# What does it mean for a distribution to be "consistent with a two rate-limiting stochastic steps"?

I'm reading a study (full text here) that examine the dynamic of nuclear translocation of a transcription factor in budding yeast, in response of calcium stress. They found that it occurs in bursts, which distribution of durations is plotted on this normalized histogram: In the text they say:

Normalized histograms, $h(t)$, of total burst duration at two calcium concentrations are both well-fit by $h(t)=te^{-t/\tau}$, with $\tau$ = 70 sec (black line).

And also

This distribution was consistent with two rate-limiting stochastic steps, each with a timescale of ~70 sec.

Can someone explain me the second sentence cited?

WYSIWYG is almost there, but you need one more piece of information to make this explicit.

The distribution cited in the paper is $h(t)\propto te^{-t/\tau}$ (we're going to ignore normalizing constants today). We can recognize this as a particular case of the Gamma distribution, with PDF:

$$f_{\mathrm{Gamma}}(t\,\big|\,k,\theta)\propto t^{k-1}e^{-t/\theta}.$$

In particular, $h(t)$ looks like the PDF of a $\mathrm{Gamma}(2,\tau)$ random variable, $$h(t)\propto f_{\mathrm{Gamma}}(t\,\big|\,2,\tau)\propto te^{-t/\tau}.$$

So the authors of the paper are claiming that the burst duration $\tau_{\mathrm{burst}}$ is a random variable with a $\mathrm{Gamma}(2,70\,\mathrm{ sec})$ distribution.

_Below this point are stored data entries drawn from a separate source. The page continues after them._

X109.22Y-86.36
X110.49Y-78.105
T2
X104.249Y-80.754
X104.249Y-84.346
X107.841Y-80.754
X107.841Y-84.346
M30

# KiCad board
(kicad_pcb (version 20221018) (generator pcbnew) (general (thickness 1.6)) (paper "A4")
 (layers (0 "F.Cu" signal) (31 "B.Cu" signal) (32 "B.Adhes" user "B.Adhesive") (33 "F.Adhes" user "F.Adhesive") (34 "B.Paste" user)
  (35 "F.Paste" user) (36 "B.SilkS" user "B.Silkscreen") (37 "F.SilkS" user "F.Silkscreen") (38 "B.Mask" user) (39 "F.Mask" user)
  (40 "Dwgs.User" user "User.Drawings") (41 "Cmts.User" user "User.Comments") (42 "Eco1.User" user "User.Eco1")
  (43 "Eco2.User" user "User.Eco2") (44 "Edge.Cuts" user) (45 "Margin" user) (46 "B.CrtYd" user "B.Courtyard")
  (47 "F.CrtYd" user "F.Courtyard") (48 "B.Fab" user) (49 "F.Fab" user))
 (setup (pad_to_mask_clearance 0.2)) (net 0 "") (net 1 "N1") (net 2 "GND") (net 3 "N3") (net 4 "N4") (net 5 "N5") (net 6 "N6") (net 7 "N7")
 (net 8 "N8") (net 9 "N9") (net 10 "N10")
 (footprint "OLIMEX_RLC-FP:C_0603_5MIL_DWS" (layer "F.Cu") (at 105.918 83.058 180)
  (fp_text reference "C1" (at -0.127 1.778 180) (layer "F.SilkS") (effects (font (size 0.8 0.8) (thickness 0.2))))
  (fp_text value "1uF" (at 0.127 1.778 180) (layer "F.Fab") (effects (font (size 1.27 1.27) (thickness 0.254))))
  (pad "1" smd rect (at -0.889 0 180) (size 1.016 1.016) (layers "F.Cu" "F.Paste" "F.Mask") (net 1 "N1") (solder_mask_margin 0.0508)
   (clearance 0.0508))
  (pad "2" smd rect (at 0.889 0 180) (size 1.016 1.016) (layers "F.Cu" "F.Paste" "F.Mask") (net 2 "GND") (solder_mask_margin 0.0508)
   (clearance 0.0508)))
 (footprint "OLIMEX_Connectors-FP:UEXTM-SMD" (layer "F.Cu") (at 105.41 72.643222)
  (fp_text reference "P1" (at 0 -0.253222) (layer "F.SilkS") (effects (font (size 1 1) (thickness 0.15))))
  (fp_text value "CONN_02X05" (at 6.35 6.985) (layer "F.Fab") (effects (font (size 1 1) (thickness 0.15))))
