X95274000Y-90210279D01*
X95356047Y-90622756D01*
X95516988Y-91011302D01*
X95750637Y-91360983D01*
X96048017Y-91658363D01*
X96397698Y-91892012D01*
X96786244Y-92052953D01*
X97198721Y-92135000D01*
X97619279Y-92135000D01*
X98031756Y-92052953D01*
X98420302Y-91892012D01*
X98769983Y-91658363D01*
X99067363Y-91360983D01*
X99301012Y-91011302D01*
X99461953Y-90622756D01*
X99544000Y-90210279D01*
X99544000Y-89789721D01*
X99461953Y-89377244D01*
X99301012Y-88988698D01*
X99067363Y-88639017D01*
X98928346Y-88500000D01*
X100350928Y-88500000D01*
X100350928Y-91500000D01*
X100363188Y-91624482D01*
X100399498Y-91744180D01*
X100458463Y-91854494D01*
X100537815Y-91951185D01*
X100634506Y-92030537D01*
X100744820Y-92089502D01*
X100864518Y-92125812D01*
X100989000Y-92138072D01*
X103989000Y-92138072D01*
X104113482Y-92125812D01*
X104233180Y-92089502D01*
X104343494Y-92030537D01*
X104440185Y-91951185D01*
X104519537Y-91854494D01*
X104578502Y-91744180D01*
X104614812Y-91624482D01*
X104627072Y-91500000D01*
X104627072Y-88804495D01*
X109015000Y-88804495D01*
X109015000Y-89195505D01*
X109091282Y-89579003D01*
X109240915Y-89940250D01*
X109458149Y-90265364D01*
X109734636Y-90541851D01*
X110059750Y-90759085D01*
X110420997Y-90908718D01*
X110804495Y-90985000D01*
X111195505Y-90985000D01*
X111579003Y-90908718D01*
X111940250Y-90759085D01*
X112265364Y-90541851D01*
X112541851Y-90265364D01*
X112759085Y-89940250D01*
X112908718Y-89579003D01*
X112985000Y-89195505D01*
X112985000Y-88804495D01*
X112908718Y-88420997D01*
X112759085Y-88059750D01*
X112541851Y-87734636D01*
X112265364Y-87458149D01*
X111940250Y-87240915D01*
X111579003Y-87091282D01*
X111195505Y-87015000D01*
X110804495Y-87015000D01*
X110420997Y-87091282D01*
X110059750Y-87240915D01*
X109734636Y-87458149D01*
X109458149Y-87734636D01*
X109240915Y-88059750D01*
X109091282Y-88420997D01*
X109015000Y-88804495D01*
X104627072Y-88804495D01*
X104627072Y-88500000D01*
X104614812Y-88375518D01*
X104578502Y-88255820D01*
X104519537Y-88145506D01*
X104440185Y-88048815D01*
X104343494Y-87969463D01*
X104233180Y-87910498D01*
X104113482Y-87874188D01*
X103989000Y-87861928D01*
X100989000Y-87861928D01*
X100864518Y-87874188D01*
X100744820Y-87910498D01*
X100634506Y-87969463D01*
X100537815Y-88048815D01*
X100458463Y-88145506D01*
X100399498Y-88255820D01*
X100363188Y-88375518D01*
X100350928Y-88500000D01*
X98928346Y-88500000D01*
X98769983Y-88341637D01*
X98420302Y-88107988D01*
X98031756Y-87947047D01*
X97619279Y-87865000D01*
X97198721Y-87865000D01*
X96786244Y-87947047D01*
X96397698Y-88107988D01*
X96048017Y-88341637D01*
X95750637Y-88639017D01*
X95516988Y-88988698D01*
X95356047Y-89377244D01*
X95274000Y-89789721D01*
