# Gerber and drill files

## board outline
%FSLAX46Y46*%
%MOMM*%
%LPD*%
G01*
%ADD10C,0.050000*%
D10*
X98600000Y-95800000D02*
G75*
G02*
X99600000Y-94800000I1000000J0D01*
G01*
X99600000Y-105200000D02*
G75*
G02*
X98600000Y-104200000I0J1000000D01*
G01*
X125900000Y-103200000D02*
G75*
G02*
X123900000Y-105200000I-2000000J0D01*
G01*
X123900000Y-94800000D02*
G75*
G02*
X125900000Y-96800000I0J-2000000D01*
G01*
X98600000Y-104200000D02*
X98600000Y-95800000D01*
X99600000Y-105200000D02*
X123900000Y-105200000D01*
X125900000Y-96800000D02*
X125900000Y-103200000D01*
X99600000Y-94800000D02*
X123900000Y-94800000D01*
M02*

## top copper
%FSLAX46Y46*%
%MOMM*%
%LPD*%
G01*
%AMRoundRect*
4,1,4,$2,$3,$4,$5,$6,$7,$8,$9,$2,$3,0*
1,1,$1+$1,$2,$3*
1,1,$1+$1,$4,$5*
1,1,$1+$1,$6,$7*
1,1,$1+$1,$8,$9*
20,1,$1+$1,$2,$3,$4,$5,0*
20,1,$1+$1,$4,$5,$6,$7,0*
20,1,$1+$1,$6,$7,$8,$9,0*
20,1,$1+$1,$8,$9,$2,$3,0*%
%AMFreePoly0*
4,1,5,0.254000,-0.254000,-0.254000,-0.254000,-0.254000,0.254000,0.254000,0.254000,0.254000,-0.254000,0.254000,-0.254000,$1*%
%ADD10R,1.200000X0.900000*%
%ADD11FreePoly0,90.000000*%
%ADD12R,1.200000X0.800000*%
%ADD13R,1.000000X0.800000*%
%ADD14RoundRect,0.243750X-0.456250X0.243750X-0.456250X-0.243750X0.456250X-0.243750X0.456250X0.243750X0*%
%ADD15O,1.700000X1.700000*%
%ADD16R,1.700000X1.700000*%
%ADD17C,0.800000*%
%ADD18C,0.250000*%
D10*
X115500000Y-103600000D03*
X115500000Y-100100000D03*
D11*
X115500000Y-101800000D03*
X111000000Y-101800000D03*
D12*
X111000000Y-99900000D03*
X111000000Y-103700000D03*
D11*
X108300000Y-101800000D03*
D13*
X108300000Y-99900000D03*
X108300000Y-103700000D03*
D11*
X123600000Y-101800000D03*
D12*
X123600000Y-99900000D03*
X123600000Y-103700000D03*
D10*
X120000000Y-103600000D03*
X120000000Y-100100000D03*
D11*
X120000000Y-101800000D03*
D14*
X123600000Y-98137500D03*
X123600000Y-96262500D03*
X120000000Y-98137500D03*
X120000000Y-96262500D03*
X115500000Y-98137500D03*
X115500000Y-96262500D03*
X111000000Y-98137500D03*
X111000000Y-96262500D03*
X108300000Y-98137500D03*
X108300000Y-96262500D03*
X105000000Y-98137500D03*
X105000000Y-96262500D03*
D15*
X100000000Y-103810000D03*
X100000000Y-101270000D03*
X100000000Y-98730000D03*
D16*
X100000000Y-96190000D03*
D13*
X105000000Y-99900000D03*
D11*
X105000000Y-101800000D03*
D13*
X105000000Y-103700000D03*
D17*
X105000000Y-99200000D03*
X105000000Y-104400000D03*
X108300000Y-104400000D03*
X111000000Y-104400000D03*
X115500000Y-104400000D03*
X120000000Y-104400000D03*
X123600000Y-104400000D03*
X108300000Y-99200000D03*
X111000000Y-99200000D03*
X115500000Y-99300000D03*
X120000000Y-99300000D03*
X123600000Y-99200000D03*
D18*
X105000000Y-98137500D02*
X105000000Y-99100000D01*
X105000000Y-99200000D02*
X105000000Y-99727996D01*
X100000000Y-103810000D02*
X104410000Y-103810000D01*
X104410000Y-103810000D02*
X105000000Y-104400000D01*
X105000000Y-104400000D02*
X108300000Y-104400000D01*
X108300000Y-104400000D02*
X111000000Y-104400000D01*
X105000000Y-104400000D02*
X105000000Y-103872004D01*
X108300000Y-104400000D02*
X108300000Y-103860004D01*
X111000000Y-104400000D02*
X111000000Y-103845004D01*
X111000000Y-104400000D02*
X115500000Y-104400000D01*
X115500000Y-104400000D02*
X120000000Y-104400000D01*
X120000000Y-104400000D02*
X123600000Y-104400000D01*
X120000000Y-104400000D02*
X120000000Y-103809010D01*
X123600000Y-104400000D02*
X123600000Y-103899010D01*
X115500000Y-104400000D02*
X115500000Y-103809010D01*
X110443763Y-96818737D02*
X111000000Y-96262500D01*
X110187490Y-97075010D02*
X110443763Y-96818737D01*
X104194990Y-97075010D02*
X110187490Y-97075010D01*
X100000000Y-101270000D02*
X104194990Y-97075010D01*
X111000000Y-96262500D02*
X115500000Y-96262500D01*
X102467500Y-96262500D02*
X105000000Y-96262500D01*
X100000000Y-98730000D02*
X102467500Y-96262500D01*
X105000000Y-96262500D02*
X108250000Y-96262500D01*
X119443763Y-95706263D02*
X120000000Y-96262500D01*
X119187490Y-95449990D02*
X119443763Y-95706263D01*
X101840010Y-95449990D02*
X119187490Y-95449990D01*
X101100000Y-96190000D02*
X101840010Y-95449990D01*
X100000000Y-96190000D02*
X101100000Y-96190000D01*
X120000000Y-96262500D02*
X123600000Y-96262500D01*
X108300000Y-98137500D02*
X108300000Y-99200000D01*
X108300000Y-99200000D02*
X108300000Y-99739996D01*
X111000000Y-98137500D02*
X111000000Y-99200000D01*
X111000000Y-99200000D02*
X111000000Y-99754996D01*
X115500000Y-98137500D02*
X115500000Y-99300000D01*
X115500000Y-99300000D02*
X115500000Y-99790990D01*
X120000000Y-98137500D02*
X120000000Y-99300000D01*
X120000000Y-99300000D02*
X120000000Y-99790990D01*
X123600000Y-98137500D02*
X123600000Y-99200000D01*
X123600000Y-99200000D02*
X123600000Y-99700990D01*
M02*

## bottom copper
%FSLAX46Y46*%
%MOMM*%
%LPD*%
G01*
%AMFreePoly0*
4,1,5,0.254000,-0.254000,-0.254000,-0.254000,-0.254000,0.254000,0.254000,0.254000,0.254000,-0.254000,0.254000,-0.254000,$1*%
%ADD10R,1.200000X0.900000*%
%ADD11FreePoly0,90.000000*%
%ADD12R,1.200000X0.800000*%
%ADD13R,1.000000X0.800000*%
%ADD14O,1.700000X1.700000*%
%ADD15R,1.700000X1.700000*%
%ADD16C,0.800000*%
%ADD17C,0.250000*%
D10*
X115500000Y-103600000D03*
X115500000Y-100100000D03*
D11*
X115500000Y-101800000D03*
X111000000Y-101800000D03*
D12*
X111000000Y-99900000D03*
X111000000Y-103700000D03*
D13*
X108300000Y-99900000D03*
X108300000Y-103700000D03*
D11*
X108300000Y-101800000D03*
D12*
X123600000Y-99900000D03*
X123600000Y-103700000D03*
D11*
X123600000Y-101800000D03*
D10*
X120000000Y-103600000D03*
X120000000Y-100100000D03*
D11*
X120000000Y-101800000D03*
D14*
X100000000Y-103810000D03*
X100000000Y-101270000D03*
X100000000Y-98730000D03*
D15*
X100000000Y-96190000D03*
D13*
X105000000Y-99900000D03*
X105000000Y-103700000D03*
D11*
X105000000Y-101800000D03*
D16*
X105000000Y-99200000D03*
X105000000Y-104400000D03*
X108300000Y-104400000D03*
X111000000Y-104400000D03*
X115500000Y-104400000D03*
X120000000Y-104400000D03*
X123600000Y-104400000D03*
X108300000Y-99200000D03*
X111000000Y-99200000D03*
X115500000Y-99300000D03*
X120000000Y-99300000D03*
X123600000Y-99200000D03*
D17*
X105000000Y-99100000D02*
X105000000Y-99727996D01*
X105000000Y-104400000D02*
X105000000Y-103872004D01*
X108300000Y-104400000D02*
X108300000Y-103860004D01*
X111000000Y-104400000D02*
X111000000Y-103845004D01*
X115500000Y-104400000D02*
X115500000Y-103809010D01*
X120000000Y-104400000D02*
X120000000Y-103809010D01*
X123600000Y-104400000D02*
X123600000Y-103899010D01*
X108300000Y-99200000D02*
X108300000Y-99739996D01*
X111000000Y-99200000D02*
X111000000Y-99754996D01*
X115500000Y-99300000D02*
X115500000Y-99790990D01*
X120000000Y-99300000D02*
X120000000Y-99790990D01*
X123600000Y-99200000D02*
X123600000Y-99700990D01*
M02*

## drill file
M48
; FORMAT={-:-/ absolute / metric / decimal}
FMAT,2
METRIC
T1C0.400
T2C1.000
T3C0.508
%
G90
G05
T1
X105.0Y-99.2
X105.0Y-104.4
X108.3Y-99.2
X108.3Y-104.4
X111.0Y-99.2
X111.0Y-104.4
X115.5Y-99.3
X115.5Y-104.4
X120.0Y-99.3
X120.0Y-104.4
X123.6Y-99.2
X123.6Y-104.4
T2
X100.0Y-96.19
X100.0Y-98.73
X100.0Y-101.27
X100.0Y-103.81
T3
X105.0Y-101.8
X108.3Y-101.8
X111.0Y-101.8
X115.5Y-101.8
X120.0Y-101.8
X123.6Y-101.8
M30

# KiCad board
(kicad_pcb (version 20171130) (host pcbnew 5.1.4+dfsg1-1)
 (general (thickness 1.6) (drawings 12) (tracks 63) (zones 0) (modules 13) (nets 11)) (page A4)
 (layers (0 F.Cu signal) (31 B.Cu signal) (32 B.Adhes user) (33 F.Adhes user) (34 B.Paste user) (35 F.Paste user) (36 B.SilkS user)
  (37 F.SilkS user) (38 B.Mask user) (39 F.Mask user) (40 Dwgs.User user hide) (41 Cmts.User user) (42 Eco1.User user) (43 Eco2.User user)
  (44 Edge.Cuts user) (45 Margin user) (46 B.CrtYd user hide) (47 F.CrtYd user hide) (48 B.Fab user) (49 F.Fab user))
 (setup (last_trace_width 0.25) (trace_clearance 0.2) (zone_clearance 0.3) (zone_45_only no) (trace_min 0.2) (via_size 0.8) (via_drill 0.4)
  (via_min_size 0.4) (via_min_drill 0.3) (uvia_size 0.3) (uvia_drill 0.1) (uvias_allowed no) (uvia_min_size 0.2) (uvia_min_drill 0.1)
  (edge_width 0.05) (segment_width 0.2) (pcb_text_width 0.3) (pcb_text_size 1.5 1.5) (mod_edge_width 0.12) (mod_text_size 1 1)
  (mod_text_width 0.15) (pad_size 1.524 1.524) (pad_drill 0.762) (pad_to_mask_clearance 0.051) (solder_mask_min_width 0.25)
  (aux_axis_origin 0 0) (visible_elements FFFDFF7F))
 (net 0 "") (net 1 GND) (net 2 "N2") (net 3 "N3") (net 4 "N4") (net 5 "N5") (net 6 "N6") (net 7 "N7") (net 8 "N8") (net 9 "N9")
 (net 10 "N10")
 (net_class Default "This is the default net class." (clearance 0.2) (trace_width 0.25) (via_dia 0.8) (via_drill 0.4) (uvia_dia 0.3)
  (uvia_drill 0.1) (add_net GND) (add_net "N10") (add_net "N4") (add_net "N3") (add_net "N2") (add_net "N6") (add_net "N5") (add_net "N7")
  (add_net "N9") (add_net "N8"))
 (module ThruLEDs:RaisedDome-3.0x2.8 (layer F.Cu) (at 115.5 101.8 90)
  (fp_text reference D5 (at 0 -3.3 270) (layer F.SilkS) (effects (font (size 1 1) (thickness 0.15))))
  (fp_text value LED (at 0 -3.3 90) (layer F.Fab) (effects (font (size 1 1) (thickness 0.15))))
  (pad 1 smd rect (at -1.8 0 90) (size 0.9 1.2) (layers F.Cu F.Paste F.Mask) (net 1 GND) (zone_connect 0))
  (pad 2 smd rect (at 1.7 0 90) (size 0.9 1.2) (layers F.Cu F.Paste F.Mask) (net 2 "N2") (zone_connect 0))
  (pad 1 smd rect (at -1.8 0 90) (size 0.9 1.2) (layers B.Cu B.Paste B.Mask) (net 1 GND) (zone_connect 0))
  (pad 2 smd rect (at 1.7 0 90) (size 0.9 1.2) (layers B.Cu B.Paste B.Mask) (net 2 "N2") (zone_connect 0))
  (pad "" np_thru_hole custom (at 0 0 90) (size 0.508 0.508) (drill 0.508) (layers *.Cu *.Mask) (zone_connect 0)
   (options (clearance outline) (anchor rect)) (primitives)))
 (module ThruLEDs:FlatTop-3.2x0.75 (layer F.Cu) (at 111 101.8 90)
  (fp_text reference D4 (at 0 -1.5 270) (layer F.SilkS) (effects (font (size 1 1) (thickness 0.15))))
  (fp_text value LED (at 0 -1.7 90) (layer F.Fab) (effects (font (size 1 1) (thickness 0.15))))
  (pad "" np_thru_hole custom (at 0 0 90) (size 0.508 0.508) (drill 0.508) (layers *.Cu *.Mask) (zone_connect 0)
   (options (clearance outline) (anchor rect)) (primitives))
  (pad 2 smd rect (at 1.9 0 90) (size 0.8 1.2) (layers B.Cu B.Paste B.Mask) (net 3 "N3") (zone_connect 0))
  (pad 1 smd rect (at -1.9 0 90) (size 0.8 1.2) (layers B.Cu B.Adhes B.Mask) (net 1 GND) (zone_connect 0))
  (pad 2 smd rect (at 1.9 0 90) (size 0.8 1.2) (layers F.Cu F.Paste F.Mask) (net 3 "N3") (zone_connect 0))
  (pad 1 smd rect (at -1.9 0 90) (size 0.8 1.2) (layers F.Cu F.Paste F.Mask) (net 1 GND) (zone_connect 0)))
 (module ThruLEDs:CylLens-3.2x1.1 (layer F.Cu) (at 108.3 101.8 90)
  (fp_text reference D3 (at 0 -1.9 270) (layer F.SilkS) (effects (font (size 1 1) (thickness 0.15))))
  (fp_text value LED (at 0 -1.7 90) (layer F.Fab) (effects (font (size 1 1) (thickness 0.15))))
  (pad 2 smd rect (at 1.9 0 90) (size 0.8 1) (layers B.Cu B.Paste B.Mask) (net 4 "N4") (zone_connect 0))
  (pad 1 smd rect (at -1.9 0 90) (size 0.8 1) (layers B.Cu B.Paste B.Mask) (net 1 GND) (zone_connect 0))
  (pad "" np_thru_hole custom (at 0 0 90) (size 0.508 0.508) (drill 0.508) (layers *.Cu *.Mask) (zone_connect 0)
   (options (clearance outline) (anchor rect)) (primitives))
  (pad 2 smd rect (at 1.9 0 90) (size 0.8 1) (layers F.Cu F.Paste F.Mask) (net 4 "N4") (zone_connect 0))
  (pad 1 smd rect (at -1.9 0 90) (size 0.8 1) (layers F.Cu F.Paste F.Mask) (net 1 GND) (zone_connect 0)))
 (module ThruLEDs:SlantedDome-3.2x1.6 (layer F.Cu) (at 123.6 101.8 90)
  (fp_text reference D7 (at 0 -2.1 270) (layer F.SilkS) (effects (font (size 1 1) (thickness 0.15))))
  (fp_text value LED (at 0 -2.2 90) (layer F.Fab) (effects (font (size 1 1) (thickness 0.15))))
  (pad 2 smd rect (at 1.9 0 90) (size 0.8 1.2) (layers B.Cu B.Paste B.Mask) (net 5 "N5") (zone_connect 0))
  (pad 1 smd rect (at -1.9 0 90) (size 0.8 1.2) (layers B.Cu B.Paste B.Mask) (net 1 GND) (zone_connect 0))
  (pad "" np_thru_hole custom (at 0 0 90) (size 0.508 0.508) (drill 0.508) (layers *.Cu *.Mask) (zone_connect 0)
   (options (clearance outline) (anchor rect)) (primitives))
  (pad 2 smd rect (at 1.9 0 90) (size 0.8 1.2) (layers F.Cu F.Paste F.Mask) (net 5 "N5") (zone_connect 0))
  (pad 1 smd rect (at -1.9 0 90) (size 0.8 1.2) (layers F.Cu F.Paste F.Mask) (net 1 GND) (zone_connect 0)))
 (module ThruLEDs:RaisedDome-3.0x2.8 (layer F.Cu) (at 120 101.8 90)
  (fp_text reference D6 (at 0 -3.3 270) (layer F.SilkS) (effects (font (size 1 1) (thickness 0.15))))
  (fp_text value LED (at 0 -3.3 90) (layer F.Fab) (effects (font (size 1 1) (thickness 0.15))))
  (pad 1 smd rect (at -1.8 0 90) (size 0.9 1.2) (layers F.Cu F.Paste F.Mask) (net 1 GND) (zone_connect 0))
  (pad 2 smd rect (at 1.7 0 90) (size 0.9 1.2) (layers F.Cu F.Paste F.Mask) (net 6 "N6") (zone_connect 0))
  (pad 1 smd rect (at -1.8 0 90) (size 0.9 1.2) (layers B.Cu B.Paste B.Mask) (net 1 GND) (zone_connect 0))
  (pad 2 smd rect (at 1.7 0 90) (size 0.9 1.2) (layers B.Cu B.Paste B.Mask) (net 6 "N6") (zone_connect 0))
  (pad "" np_thru_hole custom (at 0 0 90) (size 0.508 0.508) (drill 0.508) (layers *.Cu *.Mask) (zone_connect 0)
   (options (clearance outline) (anchor rect)) (primitives)))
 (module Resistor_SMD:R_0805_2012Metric (layer F.Cu) (at 123.6 97.2 270)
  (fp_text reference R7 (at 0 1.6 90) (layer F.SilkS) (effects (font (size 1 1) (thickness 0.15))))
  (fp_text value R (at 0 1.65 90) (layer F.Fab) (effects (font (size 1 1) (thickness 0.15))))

How do we get from that to "This distribution was consistent with two rate-limiting stochastic steps?" If we recall from our stats class (or look up properties of the Gamma distribution on Wikipedia), a Gamma distribution with integer values of $k$ is the distribution of the waiting time for $k$ events to occur in a Poisson process. The setup of a Poisson process is that you are tracking the occurrence of unlikely/infrequent events in time, so the fact that the distribution $h(t)$ of burst times looks like a $\mathrm{Gamma}(2,\tau)$ suggests that the burst duration $\tau_{\mathrm{burst}}$ is determined by the occurrence of 2 stochastic events (with the same "frequency" $1/\tau$). In other words, this distribution is consistent with the following scenario: a nuclear localization occurs, and then will stop after two particular events, where the timing of the events is governed by a Poisson process (which, as WYSIWYG pointed out, is a reasonable model for the occurrence of chemical reactions with reasonably slow kinetics, i.e. you can count individual reactions in time). If this is true, the distribution of $\tau_{\mathrm{burst}}$ will look like $te^{-t/\tau}$.

The authors generalize that statement somewhat by saying that technically there could be more events/reactions required to terminate a localization burst, but all but 2 of those reactions happen extremely rapidly, i.e. there are 2 rate-limiting steps in the decision process (both of which happen to have the same value for $\tau$).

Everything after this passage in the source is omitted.